§ RAW DATA

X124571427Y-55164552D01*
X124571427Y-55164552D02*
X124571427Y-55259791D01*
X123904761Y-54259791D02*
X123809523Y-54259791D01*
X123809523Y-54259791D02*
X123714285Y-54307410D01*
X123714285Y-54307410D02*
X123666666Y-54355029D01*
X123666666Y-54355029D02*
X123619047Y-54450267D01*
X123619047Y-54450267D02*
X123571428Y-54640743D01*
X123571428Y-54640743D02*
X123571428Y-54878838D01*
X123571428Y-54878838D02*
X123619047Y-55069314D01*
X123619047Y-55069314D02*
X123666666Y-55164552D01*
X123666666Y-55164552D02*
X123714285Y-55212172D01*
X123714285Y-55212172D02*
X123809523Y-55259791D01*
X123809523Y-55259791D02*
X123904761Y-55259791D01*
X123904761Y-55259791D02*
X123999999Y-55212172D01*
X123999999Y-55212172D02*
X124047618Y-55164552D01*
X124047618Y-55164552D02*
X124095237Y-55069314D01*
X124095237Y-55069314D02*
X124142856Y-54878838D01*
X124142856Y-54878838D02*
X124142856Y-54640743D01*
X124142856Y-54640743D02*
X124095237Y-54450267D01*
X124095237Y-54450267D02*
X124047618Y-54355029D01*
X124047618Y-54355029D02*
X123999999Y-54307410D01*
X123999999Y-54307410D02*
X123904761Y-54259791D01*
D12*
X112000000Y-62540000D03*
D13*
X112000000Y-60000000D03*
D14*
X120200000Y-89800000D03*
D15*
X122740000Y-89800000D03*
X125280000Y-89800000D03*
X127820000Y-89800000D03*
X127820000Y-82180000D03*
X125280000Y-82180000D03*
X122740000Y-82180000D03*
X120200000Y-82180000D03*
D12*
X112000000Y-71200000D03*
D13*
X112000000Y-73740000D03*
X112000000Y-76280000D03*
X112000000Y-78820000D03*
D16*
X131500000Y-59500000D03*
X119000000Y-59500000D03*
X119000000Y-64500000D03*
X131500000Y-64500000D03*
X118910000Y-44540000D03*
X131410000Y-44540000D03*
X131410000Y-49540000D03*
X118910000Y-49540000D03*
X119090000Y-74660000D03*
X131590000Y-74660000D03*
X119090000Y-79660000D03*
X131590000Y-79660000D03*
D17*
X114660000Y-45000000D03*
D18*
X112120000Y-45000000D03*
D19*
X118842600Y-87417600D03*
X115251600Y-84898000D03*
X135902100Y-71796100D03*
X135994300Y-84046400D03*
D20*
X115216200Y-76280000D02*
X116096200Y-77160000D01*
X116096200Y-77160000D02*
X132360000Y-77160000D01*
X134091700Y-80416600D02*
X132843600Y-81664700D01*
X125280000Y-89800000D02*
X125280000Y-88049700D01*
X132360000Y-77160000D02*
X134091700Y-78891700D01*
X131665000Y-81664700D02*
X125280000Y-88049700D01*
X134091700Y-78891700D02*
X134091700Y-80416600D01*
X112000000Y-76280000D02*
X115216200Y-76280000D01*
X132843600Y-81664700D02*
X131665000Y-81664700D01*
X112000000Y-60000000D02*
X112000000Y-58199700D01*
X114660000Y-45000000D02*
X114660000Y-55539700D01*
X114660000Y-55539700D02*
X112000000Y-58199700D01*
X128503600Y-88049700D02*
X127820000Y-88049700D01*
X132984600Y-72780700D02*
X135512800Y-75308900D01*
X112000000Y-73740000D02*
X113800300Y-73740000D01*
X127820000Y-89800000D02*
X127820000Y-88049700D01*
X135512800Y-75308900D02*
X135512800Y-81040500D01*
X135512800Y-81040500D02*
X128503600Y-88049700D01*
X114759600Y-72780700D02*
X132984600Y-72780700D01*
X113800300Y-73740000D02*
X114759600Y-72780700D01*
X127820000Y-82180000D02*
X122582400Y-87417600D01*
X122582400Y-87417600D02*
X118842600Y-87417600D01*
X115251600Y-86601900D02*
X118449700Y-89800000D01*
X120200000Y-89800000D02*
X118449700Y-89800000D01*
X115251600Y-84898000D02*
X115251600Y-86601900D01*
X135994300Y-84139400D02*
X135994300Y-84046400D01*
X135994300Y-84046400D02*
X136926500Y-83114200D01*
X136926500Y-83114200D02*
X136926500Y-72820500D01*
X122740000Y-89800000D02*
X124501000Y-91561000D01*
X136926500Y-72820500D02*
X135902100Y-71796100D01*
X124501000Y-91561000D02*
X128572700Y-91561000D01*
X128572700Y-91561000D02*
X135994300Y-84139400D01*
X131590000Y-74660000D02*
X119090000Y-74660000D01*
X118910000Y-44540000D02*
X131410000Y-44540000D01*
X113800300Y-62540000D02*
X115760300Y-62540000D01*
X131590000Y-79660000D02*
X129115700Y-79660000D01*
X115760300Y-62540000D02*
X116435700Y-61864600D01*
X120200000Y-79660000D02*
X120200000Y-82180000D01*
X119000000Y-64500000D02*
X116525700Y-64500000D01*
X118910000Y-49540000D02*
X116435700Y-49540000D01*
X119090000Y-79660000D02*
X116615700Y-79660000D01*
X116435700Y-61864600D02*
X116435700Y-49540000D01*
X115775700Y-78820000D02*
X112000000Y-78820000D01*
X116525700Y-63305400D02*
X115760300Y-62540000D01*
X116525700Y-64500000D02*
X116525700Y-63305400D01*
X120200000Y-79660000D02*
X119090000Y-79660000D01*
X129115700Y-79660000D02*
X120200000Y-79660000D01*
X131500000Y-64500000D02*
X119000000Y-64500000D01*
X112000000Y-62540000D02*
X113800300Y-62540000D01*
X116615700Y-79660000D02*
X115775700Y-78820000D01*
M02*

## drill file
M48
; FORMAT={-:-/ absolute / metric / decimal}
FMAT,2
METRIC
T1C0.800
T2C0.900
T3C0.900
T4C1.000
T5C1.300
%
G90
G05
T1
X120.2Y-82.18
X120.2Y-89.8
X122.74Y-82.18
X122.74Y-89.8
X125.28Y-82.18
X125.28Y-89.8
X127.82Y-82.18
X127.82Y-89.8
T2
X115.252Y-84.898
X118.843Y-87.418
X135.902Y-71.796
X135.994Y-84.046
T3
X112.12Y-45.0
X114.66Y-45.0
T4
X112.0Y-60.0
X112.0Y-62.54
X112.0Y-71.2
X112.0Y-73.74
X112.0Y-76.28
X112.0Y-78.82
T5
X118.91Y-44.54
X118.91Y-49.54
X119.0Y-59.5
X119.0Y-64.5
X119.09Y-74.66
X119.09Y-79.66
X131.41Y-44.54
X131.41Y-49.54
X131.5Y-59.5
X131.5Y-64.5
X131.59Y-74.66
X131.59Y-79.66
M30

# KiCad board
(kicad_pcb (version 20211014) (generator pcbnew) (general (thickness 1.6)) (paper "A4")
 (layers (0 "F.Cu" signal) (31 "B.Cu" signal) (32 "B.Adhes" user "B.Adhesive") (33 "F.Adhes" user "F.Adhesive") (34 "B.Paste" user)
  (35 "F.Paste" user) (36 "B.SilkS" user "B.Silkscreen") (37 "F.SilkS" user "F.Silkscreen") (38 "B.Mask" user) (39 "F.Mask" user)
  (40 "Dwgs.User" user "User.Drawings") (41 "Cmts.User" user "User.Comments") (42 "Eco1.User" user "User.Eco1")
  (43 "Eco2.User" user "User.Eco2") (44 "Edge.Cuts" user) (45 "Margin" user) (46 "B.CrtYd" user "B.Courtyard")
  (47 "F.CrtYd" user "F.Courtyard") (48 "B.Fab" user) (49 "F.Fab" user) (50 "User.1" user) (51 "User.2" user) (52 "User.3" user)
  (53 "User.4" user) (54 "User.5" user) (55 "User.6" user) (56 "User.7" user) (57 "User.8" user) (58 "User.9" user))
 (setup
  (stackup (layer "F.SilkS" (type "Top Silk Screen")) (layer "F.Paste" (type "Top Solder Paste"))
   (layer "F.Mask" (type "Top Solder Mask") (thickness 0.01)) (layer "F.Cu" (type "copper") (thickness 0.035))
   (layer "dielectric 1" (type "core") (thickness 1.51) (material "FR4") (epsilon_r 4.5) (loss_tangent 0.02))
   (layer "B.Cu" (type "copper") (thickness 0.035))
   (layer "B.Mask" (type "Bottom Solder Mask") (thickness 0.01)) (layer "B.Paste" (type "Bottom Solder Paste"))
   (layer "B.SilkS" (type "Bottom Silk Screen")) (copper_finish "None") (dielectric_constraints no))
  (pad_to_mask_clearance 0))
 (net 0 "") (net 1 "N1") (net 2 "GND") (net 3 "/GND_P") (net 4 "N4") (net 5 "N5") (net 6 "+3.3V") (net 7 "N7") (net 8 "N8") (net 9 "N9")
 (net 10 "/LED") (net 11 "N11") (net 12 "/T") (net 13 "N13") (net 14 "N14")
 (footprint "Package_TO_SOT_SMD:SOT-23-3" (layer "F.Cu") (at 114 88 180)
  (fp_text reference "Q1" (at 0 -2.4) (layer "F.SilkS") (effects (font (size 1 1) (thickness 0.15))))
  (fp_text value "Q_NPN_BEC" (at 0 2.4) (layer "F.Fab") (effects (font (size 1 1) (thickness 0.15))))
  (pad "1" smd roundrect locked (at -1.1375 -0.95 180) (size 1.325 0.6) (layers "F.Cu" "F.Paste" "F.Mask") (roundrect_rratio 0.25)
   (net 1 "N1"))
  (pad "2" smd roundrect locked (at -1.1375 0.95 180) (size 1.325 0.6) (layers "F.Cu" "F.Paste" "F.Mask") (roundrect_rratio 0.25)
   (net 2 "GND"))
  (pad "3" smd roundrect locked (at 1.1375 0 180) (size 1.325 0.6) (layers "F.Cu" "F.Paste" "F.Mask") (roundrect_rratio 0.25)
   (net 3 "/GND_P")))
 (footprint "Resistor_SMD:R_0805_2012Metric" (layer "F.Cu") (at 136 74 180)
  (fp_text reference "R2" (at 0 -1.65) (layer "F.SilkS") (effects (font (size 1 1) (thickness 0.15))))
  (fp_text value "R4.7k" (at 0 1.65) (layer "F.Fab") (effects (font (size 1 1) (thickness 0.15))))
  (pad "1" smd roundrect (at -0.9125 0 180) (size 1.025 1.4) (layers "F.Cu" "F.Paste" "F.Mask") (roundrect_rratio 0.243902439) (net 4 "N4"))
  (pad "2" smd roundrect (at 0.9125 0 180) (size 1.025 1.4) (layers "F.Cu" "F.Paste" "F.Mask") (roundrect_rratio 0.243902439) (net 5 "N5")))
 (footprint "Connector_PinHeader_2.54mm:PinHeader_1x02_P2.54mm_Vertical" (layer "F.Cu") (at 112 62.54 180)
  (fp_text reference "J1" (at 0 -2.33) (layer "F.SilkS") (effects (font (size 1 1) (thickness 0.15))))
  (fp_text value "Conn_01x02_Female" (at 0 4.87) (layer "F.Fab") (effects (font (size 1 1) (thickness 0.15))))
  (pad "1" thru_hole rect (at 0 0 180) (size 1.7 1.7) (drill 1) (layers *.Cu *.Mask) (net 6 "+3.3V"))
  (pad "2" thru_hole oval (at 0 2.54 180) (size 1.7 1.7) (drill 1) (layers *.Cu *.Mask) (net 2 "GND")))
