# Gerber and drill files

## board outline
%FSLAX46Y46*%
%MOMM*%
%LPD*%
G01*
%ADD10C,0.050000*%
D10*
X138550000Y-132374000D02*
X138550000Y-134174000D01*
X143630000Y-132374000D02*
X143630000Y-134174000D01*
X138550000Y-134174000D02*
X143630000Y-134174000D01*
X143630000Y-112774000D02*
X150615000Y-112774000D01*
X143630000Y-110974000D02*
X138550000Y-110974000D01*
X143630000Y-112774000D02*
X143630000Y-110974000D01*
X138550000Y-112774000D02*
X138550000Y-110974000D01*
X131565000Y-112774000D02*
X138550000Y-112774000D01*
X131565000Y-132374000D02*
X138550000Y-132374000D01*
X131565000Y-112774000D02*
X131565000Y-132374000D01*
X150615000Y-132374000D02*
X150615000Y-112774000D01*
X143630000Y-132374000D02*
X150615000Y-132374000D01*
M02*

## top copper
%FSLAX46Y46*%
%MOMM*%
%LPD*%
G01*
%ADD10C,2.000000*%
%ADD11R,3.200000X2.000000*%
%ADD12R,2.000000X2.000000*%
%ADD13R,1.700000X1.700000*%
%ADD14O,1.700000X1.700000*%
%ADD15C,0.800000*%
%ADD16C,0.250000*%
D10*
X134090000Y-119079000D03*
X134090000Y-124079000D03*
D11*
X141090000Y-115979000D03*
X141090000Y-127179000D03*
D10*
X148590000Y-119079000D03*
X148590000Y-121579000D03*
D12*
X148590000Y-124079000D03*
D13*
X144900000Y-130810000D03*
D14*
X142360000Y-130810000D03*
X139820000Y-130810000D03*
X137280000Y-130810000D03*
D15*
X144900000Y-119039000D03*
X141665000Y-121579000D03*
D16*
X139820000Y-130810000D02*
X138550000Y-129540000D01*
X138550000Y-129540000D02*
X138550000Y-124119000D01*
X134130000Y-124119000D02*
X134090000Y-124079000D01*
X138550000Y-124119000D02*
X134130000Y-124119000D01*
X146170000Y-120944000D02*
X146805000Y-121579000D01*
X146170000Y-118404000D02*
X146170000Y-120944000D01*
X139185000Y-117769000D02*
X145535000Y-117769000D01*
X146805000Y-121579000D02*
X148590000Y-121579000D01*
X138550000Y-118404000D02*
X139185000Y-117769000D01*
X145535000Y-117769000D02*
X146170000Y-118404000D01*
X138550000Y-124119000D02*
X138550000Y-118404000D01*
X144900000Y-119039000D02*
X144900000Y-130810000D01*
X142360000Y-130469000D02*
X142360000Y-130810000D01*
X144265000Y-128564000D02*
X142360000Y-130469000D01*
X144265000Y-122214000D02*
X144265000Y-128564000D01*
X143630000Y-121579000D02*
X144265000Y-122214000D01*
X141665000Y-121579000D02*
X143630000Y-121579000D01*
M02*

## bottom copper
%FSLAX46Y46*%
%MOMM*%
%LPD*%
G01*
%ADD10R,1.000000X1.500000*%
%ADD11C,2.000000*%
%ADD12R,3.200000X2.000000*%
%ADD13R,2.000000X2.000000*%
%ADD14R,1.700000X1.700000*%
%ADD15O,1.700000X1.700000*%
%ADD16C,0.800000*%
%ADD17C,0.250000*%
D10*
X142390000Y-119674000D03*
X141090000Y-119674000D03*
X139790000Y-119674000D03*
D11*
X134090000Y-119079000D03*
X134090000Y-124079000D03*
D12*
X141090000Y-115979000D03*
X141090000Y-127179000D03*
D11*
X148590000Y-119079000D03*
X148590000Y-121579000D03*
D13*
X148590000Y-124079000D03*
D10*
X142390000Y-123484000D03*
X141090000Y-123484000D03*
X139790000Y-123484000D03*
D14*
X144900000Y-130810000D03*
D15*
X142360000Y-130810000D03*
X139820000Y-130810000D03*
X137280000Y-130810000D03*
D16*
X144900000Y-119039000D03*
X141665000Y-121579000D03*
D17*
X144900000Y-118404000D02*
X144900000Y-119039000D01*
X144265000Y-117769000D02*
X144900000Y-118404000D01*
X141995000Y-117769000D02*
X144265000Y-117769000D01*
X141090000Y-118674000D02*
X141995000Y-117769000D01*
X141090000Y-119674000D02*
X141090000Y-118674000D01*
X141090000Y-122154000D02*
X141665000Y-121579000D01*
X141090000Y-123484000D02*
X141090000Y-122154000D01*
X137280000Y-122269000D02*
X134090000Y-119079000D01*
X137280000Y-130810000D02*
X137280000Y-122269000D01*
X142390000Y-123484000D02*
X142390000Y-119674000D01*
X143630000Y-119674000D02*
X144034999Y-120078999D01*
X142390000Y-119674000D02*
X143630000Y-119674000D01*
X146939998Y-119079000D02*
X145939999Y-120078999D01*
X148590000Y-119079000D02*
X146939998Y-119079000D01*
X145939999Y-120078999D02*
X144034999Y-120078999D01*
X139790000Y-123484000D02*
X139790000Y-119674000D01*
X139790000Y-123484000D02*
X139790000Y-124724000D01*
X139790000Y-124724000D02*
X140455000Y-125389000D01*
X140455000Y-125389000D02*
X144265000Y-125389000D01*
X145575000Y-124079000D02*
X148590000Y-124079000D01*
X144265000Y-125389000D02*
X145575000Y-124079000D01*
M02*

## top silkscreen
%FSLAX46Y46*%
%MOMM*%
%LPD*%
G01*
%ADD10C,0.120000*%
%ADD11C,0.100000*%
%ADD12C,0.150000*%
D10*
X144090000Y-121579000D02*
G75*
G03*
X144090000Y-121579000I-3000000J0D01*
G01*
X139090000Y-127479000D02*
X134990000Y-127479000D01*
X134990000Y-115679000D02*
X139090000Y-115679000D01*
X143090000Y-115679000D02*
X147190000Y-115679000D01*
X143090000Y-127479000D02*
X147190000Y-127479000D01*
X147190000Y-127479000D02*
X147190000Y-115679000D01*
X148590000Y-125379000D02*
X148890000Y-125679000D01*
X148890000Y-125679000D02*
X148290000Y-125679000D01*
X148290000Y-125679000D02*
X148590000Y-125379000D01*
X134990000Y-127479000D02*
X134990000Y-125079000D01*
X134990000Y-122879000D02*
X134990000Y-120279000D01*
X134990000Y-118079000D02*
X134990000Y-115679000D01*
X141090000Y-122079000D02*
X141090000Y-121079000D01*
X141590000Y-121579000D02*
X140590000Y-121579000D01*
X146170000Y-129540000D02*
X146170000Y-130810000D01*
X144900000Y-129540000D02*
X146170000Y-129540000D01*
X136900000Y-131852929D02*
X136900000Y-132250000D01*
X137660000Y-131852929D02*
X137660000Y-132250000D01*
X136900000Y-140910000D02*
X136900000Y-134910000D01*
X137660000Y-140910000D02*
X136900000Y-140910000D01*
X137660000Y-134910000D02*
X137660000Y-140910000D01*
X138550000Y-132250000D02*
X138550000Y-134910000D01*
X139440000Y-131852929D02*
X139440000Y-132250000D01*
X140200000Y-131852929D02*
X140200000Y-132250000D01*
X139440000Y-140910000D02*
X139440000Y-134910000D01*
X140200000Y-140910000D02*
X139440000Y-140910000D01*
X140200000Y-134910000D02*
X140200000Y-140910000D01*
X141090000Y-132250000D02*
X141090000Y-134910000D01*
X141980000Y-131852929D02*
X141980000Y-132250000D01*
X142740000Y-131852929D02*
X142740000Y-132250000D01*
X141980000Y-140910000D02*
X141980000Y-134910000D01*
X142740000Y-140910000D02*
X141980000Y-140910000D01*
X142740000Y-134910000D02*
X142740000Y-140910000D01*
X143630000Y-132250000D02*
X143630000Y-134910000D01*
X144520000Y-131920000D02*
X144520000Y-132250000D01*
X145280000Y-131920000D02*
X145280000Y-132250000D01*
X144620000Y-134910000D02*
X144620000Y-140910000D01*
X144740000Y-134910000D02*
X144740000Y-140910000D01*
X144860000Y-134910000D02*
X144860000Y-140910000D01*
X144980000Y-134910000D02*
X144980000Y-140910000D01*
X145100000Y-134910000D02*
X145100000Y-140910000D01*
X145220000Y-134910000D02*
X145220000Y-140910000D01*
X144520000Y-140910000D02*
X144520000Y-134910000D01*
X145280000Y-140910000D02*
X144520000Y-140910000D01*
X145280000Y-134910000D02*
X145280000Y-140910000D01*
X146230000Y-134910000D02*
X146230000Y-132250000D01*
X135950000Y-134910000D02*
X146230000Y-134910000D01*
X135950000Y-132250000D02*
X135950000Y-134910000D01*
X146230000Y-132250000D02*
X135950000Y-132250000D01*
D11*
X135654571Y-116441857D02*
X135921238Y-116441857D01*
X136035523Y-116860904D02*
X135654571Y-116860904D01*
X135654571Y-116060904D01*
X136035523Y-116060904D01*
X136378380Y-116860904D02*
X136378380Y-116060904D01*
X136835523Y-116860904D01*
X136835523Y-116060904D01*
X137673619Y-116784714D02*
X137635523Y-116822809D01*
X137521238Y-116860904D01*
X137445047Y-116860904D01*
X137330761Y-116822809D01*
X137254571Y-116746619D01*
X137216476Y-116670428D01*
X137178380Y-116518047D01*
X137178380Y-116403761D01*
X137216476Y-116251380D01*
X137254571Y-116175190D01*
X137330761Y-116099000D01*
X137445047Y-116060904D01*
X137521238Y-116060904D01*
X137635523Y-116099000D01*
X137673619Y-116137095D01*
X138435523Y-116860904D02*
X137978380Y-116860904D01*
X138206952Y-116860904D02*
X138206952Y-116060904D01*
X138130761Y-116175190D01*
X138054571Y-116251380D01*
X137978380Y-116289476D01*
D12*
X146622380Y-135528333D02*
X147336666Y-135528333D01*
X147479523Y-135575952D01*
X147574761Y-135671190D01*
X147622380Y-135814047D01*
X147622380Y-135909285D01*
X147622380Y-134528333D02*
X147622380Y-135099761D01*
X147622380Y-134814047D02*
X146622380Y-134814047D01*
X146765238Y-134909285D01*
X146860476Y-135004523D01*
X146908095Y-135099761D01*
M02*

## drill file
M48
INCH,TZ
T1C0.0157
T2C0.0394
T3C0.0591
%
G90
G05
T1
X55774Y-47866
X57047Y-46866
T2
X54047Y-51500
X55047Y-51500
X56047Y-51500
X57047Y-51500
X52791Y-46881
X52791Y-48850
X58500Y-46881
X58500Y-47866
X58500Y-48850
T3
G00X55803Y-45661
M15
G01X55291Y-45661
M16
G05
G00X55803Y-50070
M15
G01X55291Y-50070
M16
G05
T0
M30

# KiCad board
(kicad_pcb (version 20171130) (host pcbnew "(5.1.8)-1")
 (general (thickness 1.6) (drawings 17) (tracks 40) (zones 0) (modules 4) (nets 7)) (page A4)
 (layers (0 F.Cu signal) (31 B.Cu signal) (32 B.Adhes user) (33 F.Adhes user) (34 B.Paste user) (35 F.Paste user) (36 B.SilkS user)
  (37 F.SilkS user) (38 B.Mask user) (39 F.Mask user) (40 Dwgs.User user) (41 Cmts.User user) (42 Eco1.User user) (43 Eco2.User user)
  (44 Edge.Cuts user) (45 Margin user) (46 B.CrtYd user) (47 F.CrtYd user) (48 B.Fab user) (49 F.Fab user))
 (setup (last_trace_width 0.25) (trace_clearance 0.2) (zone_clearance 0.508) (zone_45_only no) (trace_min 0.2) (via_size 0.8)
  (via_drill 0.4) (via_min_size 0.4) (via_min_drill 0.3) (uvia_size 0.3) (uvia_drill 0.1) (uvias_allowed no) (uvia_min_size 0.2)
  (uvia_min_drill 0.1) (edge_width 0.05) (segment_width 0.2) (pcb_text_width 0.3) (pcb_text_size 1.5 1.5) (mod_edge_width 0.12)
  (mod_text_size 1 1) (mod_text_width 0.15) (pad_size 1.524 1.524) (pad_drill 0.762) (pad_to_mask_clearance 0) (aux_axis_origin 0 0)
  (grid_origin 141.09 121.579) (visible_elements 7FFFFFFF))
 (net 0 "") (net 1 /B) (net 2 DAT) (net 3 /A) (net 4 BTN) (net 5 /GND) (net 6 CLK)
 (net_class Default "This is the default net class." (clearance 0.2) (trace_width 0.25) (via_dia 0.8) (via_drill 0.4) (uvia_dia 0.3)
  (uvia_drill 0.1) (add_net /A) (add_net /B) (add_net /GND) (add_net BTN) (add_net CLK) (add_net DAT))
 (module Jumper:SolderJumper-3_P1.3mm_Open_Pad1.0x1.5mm (layer B.Cu) (at 141.09 119.674 180)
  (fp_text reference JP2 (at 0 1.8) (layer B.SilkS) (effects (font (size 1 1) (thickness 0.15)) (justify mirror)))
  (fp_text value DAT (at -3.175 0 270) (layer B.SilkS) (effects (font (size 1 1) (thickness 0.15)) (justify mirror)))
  (pad 1 smd rect (at -1.3 0 180) (size 1 1.5) (layers B.Cu B.Mask) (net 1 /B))
  (pad 2 smd rect (at 0 0 180) (size 1 1.5) (layers B.Cu B.Mask) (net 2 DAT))
  (pad 3 smd rect (at 1.3 0 180) (size 1 1.5) (layers B.Cu B.Mask) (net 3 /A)))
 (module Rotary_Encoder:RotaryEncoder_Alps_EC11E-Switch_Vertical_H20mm (layer F.Cu) (at 148.59 124.079 180)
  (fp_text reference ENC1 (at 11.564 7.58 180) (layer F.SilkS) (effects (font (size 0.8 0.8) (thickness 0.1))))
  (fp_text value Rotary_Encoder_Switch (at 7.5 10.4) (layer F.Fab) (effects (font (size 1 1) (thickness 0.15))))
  (fp_circle (center 7.5 2.5) (end 10.5 2.5) (layer F.SilkS) (width 0.12))
  (fp_line (start 9.5 -3.4) (end 13.6 -3.4) (layer F.SilkS) (width 0.12))
  (fp_line (start 13.6 8.4) (end 9.5 8.4) (layer F.SilkS) (width 0.12))
  (fp_line (start 5.5 8.4) (end 1.4 8.4) (layer F.SilkS) (width 0.12))
  (fp_line (start 5.5 -3.4) (end 1.4 -3.4) (layer F.SilkS) (width 0.12))
  (fp_line (start 1.4 -3.4) (end 1.4 8.4) (layer F.SilkS) (width 0.12))
  (fp_line (start 0 -1.3) (end -0.3 -1.6) (layer F.SilkS) (width 0.12))
  (fp_line (start -0.3 -1.6) (end 0.3 -1.6) (layer F.SilkS) (width 0.12))
  (fp_line (start 0.3 -1.6) (end 0 -1.3) (layer F.SilkS) (width 0.12))
  (fp_line (start 13.6 -3.4) (end 13.6 -1) (layer F.SilkS) (width 0.12))
  (fp_line (start 13.6 1.2) (end 13.6 3.8) (layer F.SilkS) (width 0.12))
  (fp_line (start 13.6 6) (end 13.6 8.4) (layer F.SilkS) (width 0.12))
  (fp_line (start 7.5 2) (end 7.5 3) (layer F.SilkS) (width 0.12))
  (fp_line (start 7 2.5) (end 8 2.5) (layer F.SilkS) (width 0.12))
  (pad S1 thru_hole circle (at 14.5 5 180) (size 2 2) (drill 1) (layers *.Cu *.Mask) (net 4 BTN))
  (pad S2 thru_hole circle (at 14.5 0 180) (size 2 2) (drill 1) (layers *.Cu *.Mask) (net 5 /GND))
  (pad MP thru_hole rect (at 7.5 8.1 180) (size 3.2 2) (drill oval 2.8 1.5) (layers *.Cu *.Mask))
  (pad MP thru_hole rect (at 7.5 -3.1 180) (size 3.2 2) (drill oval 2.8 1.5) (layers *.Cu *.Mask))
  (pad B thru_hole circle (at 0 5 180) (size 2 2) (drill 1) (layers *.Cu *.Mask) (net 1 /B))
  (pad C thru_hole circle (at 0 2.5 180) (size 2 2) (drill 1) (layers *.Cu *.Mask) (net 5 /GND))
  (pad A thru_hole rect (at 0 0 180) (size 2 2) (drill 1) (layers *.Cu *.Mask) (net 3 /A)))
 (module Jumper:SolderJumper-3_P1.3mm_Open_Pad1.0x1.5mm (layer B.Cu) (at 141.09 123.484)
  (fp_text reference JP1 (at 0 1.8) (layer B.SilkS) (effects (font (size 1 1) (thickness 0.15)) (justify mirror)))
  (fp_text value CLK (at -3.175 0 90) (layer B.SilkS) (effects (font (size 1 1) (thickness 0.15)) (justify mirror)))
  (pad 3 smd rect (at 1.3 0) (size 1 1.5) (layers B.Cu B.Mask) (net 1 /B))
  (pad 2 smd rect (at 0 0) (size 1 1.5) (layers B.Cu B.Mask) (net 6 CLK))
  (pad 1 smd rect (at -1.3 0) (size 1 1.5) (layers B.Cu B.Mask) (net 3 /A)))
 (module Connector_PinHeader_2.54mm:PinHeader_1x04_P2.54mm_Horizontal (layer F.Cu) (at 144.9 130.81 270)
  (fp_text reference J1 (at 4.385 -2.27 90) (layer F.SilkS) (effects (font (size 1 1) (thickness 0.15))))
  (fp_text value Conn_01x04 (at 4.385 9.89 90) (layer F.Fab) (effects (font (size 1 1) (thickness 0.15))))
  (fp_line (start -1.27 -1.27) (end 0 -1.27) (layer F.SilkS) (width 0.12))
  (fp_line (start -1.27 0) (end -1.27 -1.27) (layer F.SilkS) (width 0.12))
  (fp_line (start 1.042929 8) (end 1.44 8) (layer F.SilkS) (width 0.12))
  (fp_line (start 1.042929 7.24) (end 1.44 7.24) (layer F.SilkS) (width 0.12))
  (fp_line (start 10.1 8) (end 4.1 8) (layer F.SilkS) (width 0.12))
  (fp_line (start 10.1 7.24) (end 10.1 8) (layer F.SilkS) (width 0.12))
  (fp_line (start 4.1 7.24) (end 10.1 7.24) (layer F.SilkS) (width 0.12))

§ EXERCISE REQUIREMENTS
Among the records, find every line with the word "Jumper" and copy it.

§ TASK RESULT
 (module Jumper:SolderJumper-3_P1.3mm_Open_Pad1.0x1.5mm (layer B.Cu) (at 141.09 119.674 180)
 (module Jumper:SolderJumper-3_P1.3mm_Open_Pad1.0x1.5mm (layer B.Cu) (at 141.09 123.484)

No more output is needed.